Maxim Gorki Tiyatrosu’nun genel sanat yönetmenlerinden biri olan Şermin Langhoff, daha önce Ballhaus tiyatrosunda yaptığı çalışmalarının kapsamını postmigrant (göçmen sonrası) olarak adlandırıyor. Postmigrant kavramı özellikle “İkinci ve üçüncü kuşağa ait öyküleri tanımlamaktadır, çünkü bu öyküler göçmenliğin izini taşısa da, kendileri göçmemiş olan kişilerce üretilmiştir”(1). Ayrıca bu kavram; göçmenlerin görünür kılınmalarını, entegrasyon içinde erimemelerini ve toplumun göçmen algısını ‘geleneksel’ algıdan çıkarmayı da amaçlamıştır. Şermin Langhoff ve ekibi, Gorki’de de benzer çalışmaları üretmeye devam ediyorlar. Bu festivalin özelinde düşünecek olursak program içeriğindeki oyunlar yalnızca Avrupa merkezli, Dünya Savaşları’nın tarihselliğiyle ilgili değil aynı zamanda bu savaşların neden olduğu birçok politik dönüşümlerin ve onların izlerinin bugüne nasıl yansıdığını ulus, göçmenlik gibi temalar üzerinden konu alıyor. Bu konuları tiyatro aracılığıyla (estetiğiyle) deneyimlemekse önemli bir durum çünkü bu konuların ya da olguların bugün nasıl ve hangi sanatsal yöntemlerle temsil edildiğini görmek bugünün politik temsil modelleriyle de karşılaşmak açısından da değerli.

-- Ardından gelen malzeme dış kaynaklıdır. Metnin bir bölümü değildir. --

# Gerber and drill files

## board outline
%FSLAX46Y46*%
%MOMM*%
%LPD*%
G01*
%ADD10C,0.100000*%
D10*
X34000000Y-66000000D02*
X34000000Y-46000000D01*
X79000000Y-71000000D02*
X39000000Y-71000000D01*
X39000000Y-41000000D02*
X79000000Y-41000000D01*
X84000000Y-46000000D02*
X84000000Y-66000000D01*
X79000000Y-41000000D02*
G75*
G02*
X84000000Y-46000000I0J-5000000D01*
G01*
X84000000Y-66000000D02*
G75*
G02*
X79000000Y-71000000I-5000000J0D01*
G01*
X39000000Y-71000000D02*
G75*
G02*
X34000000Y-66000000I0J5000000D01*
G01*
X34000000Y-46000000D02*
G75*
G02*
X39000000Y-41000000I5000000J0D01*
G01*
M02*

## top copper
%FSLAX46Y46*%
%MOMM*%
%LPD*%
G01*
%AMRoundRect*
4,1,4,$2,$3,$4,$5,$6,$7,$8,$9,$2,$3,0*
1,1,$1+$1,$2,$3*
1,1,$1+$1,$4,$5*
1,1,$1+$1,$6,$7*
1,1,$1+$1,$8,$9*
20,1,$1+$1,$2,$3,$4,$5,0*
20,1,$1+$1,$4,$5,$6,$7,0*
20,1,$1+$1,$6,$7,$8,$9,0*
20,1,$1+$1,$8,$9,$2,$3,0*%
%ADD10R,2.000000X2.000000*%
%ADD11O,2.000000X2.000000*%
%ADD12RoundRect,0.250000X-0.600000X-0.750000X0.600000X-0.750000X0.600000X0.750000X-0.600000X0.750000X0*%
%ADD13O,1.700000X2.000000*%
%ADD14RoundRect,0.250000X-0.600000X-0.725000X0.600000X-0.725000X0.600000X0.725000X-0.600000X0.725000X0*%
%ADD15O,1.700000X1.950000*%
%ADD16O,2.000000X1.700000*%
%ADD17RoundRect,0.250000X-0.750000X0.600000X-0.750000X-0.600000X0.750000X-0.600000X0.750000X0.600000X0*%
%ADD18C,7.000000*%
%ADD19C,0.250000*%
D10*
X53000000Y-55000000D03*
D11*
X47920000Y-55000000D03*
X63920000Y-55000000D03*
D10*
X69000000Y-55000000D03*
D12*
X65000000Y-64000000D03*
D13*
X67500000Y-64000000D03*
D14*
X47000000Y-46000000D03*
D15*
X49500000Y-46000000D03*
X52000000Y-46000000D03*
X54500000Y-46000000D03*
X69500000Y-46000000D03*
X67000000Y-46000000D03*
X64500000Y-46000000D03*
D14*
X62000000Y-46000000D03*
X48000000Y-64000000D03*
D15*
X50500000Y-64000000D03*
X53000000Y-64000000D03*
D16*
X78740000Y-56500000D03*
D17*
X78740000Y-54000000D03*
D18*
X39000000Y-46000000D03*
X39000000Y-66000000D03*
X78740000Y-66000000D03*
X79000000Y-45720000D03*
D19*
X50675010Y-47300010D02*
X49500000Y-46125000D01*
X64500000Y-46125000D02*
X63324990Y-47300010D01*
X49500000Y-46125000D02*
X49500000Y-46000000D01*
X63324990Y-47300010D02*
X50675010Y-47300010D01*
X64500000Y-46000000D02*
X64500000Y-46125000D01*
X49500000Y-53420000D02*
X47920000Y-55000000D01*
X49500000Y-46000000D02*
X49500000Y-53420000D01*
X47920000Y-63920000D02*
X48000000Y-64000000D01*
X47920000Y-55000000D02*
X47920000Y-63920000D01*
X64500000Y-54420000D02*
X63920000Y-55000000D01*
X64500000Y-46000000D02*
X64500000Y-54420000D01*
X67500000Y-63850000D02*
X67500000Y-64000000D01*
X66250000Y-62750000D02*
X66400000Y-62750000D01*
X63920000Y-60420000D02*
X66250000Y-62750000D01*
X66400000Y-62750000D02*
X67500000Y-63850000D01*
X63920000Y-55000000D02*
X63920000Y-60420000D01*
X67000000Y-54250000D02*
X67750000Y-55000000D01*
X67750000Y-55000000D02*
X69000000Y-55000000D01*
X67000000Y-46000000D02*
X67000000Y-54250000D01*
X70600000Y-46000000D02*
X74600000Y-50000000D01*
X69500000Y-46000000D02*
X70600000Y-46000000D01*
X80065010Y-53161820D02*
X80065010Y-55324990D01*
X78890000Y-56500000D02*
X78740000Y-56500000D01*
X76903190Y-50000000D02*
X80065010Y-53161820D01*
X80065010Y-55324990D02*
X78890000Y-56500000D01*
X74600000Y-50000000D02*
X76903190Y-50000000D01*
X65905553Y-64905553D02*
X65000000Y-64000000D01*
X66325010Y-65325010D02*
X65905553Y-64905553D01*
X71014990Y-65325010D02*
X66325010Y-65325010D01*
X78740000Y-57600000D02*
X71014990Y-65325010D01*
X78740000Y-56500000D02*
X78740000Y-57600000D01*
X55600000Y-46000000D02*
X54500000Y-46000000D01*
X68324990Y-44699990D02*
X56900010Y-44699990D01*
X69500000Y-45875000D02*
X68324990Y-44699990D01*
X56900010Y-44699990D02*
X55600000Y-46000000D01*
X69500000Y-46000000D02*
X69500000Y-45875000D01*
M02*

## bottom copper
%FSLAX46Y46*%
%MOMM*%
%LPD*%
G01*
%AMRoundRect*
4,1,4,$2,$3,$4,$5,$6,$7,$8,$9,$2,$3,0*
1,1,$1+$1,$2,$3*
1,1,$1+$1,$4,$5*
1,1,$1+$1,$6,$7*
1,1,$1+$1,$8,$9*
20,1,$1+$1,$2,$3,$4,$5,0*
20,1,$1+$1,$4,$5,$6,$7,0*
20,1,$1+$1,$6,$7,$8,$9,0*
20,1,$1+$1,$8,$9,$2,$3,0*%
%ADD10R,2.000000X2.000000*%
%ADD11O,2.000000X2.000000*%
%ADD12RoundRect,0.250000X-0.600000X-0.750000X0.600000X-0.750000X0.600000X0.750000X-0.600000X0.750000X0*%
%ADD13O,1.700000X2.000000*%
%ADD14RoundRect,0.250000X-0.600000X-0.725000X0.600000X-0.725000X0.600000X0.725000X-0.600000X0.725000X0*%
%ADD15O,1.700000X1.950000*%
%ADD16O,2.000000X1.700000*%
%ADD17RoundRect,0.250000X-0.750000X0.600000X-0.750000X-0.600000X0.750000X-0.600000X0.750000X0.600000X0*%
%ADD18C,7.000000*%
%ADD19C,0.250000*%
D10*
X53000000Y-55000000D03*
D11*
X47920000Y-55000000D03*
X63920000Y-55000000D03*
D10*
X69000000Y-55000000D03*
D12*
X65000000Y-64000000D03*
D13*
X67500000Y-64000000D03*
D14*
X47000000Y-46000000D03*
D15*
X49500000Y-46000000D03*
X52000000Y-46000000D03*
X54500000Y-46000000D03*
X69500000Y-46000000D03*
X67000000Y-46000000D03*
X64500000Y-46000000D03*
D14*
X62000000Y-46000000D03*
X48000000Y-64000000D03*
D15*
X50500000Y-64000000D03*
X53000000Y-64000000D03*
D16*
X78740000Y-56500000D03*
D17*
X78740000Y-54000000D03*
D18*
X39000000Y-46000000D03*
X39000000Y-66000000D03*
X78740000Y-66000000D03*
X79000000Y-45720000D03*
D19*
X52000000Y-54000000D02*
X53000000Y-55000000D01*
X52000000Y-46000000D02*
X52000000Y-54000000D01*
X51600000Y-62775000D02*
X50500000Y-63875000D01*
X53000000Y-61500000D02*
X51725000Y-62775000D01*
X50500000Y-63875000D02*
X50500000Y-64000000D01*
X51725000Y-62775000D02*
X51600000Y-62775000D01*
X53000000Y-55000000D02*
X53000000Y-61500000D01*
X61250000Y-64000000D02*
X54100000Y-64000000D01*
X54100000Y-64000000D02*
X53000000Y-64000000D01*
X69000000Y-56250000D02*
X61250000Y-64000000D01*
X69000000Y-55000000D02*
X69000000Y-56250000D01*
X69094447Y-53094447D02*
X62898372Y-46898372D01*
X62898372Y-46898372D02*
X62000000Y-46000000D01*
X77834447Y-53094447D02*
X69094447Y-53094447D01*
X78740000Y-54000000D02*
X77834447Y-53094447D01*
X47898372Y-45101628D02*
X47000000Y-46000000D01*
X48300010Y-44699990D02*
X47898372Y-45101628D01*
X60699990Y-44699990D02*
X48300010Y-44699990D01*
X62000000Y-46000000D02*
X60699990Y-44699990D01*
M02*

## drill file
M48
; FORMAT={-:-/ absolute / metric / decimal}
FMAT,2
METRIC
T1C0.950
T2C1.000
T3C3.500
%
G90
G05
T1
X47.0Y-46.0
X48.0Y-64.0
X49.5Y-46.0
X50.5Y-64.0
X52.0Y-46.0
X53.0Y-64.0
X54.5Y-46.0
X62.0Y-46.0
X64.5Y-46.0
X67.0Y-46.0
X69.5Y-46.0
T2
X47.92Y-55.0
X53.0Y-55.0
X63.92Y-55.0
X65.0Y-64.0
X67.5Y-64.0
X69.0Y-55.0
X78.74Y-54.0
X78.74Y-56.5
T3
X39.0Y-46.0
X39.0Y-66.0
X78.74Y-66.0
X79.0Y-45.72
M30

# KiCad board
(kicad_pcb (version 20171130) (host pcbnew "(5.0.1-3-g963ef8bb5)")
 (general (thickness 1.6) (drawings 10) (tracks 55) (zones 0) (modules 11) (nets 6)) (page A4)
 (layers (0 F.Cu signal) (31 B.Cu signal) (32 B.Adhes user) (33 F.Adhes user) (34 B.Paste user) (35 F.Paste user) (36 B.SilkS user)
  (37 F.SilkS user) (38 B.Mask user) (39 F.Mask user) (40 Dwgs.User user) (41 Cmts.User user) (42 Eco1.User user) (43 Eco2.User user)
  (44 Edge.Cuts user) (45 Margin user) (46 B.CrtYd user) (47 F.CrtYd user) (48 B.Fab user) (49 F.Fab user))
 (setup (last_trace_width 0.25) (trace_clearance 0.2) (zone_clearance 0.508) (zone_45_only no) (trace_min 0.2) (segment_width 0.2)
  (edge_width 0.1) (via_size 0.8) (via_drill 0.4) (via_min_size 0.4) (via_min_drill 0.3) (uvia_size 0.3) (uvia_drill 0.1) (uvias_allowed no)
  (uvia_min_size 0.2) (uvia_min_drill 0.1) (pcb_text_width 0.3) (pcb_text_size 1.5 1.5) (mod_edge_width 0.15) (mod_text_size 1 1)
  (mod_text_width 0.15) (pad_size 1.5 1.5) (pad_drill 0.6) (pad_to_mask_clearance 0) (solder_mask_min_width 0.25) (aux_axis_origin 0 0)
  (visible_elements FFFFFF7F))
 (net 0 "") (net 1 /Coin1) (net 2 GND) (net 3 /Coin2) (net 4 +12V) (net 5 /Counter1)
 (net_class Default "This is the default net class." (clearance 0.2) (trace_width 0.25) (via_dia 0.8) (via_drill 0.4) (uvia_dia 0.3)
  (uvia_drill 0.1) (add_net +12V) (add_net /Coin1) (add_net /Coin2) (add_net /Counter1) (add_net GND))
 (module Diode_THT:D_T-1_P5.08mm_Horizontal (layer F.Cu) (at 53 55 180)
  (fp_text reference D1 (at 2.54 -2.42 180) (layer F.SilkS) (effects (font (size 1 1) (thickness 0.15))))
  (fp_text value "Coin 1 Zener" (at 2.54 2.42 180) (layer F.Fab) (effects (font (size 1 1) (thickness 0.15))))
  (pad 1 thru_hole rect (at 0 0 180) (size 2 2) (drill 1) (layers *.Cu *.Mask) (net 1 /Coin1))
  (pad 2 thru_hole oval (at 5.08 0 180) (size 2 2) (drill 1) (layers *.Cu *.Mask) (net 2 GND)))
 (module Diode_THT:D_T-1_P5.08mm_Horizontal (layer F.Cu) (at 69 55 180)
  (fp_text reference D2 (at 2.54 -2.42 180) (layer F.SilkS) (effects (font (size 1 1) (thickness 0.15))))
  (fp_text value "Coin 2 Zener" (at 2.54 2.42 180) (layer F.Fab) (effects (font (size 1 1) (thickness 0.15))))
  (pad 2 thru_hole oval (at 5.08 0 180) (size 2 2) (drill 1) (layers *.Cu *.Mask) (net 2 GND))
  (pad 1 thru_hole rect (at 0 0 180) (size 2 2) (drill 1) (layers *.Cu *.Mask) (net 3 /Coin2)))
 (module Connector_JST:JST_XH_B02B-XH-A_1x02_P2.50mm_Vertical (layer F.Cu) (at 65 64)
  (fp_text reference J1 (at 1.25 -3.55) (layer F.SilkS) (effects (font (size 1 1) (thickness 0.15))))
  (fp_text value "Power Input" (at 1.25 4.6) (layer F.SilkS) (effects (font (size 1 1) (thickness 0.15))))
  (pad 1 thru_hole roundrect (at 0 0) (size 1.7 2) (drill 1) (layers *.Cu *.Mask) (roundrect_rratio 0.147059) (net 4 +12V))
  (pad 2 thru_hole oval (at 2.5 0) (size 1.7 2) (drill 1) (layers *.Cu *.Mask) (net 2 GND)))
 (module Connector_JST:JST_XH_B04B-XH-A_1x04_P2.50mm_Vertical (layer F.Cu) (at 47 46)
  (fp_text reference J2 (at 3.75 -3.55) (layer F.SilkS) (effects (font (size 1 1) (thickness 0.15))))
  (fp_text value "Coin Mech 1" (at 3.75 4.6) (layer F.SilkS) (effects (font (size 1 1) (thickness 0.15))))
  (pad 1 thru_hole roundrect (at 0 0) (size 1.7 1.95) (drill 0.95) (layers *.Cu *.Mask) (roundrect_rratio 0.147059) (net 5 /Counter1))
  (pad 2 thru_hole oval (at 2.5 0) (size 1.7 1.95) (drill 0.95) (layers *.Cu *.Mask) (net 2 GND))
  (pad 3 thru_hole oval (at 5 0) (size 1.7 1.95) (drill 0.95) (layers *.Cu *.Mask) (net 1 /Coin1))
  (pad 4 thru_hole oval (at 7.5 0) (size 1.7 1.95) (drill 0.95) (layers *.Cu *.Mask) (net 4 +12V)))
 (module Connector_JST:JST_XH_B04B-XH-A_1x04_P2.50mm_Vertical (layer F.Cu) (at 62 46)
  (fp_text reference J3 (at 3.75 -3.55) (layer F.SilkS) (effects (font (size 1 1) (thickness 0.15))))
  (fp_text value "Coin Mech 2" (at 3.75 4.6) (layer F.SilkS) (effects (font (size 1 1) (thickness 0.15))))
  (pad 4 thru_hole oval (at 7.5 0) (size 1.7 1.95) (drill 0.95) (layers *.Cu *.Mask) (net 4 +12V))
  (pad 3 thru_hole oval (at 5 0) (size 1.7 1.95) (drill 0.95) (layers *.Cu *.Mask) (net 3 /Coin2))
  (pad 2 thru_hole oval (at 2.5 0) (size 1.7 1.95) (drill 0.95) (layers *.Cu *.Mask) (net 2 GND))
  (pad 1 thru_hole roundrect (at 0 0) (size 1.7 1.95) (drill 0.95) (layers *.Cu *.Mask) (roundrect_rratio 0.147059) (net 5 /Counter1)))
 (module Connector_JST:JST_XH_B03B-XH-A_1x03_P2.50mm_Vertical (layer F.Cu) (at 48 64)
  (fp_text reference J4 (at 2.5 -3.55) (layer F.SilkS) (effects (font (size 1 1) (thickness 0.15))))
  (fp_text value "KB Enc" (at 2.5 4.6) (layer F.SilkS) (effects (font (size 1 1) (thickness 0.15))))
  (pad 1 thru_hole roundrect (at 0 0) (size 1.7 1.95) (drill 0.95) (layers *.Cu *.Mask) (roundrect_rratio 0.147059) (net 2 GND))
  (pad 2 thru_hole oval (at 2.5 0) (size 1.7 1.95) (drill 0.95) (layers *.Cu *.Mask) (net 1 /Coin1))
  (pad 3 thru_hole oval (at 5 0) (size 1.7 1.95) (drill 0.95) (layers *.Cu *.Mask) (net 3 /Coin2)))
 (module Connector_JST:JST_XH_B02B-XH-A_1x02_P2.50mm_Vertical (layer F.Cu) (at 78.74 54 270)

Festivale Türkiye’den davet edilen Galata Perfom’un Yüz Yılın Evi adlı oyunu 19 Ekim 2018’de prömiyerini gerçekleştirdi. Festivalin Perili Evler (Haunted Houses) bölümündeki oyunlar ulus kavramına odaklanıyordu. Perili Evler; The Red House Centre Culture and Debate (Bulgaristan), Experimental Stage/-1 (Yunanistan), Theatre Neumark (İsviçre) ve Studio R / Maxim Gorki Theatre (Almanya) ortaklığında gerçekleşti.

Yüz Yılın Evi’ni Yeşim Özsoy ve Ferdi Çetin kaleme aldı. Özsoy aynı zamanda oyunu yönetiyor ve oynuyor. Yüz Yılın Evi, Osmanlı’da başlayan ve Cumhuriyet’le devam eden bir zamana tanıklık etmiş bir kadın kahramana ve İbrahim Ethem Efendi Konağı’nın eşyaları ve tanıklıkları üzerinden belgesel/kurgusal olarak tasarlanmış bir yapıya sahip. Oyunun belgesel yönü Özsoy’un kendi aile geçmişindeki (anneannesi) durum ve anıları kullanmasıyla ortaya çıkıyor. Konağın geçmişi, içinde yaşananalar, Osmanlı’dan Cumhuriyet dönemine geçişte kaybolan ya da yeniden anımsanan durum ve olaylar, anlatı aracılığıyla aktarılıyor. Oyun; bellek, hatırlama ve unutma kavramlarını temsil boyutuna bu yolla çıkarıyor.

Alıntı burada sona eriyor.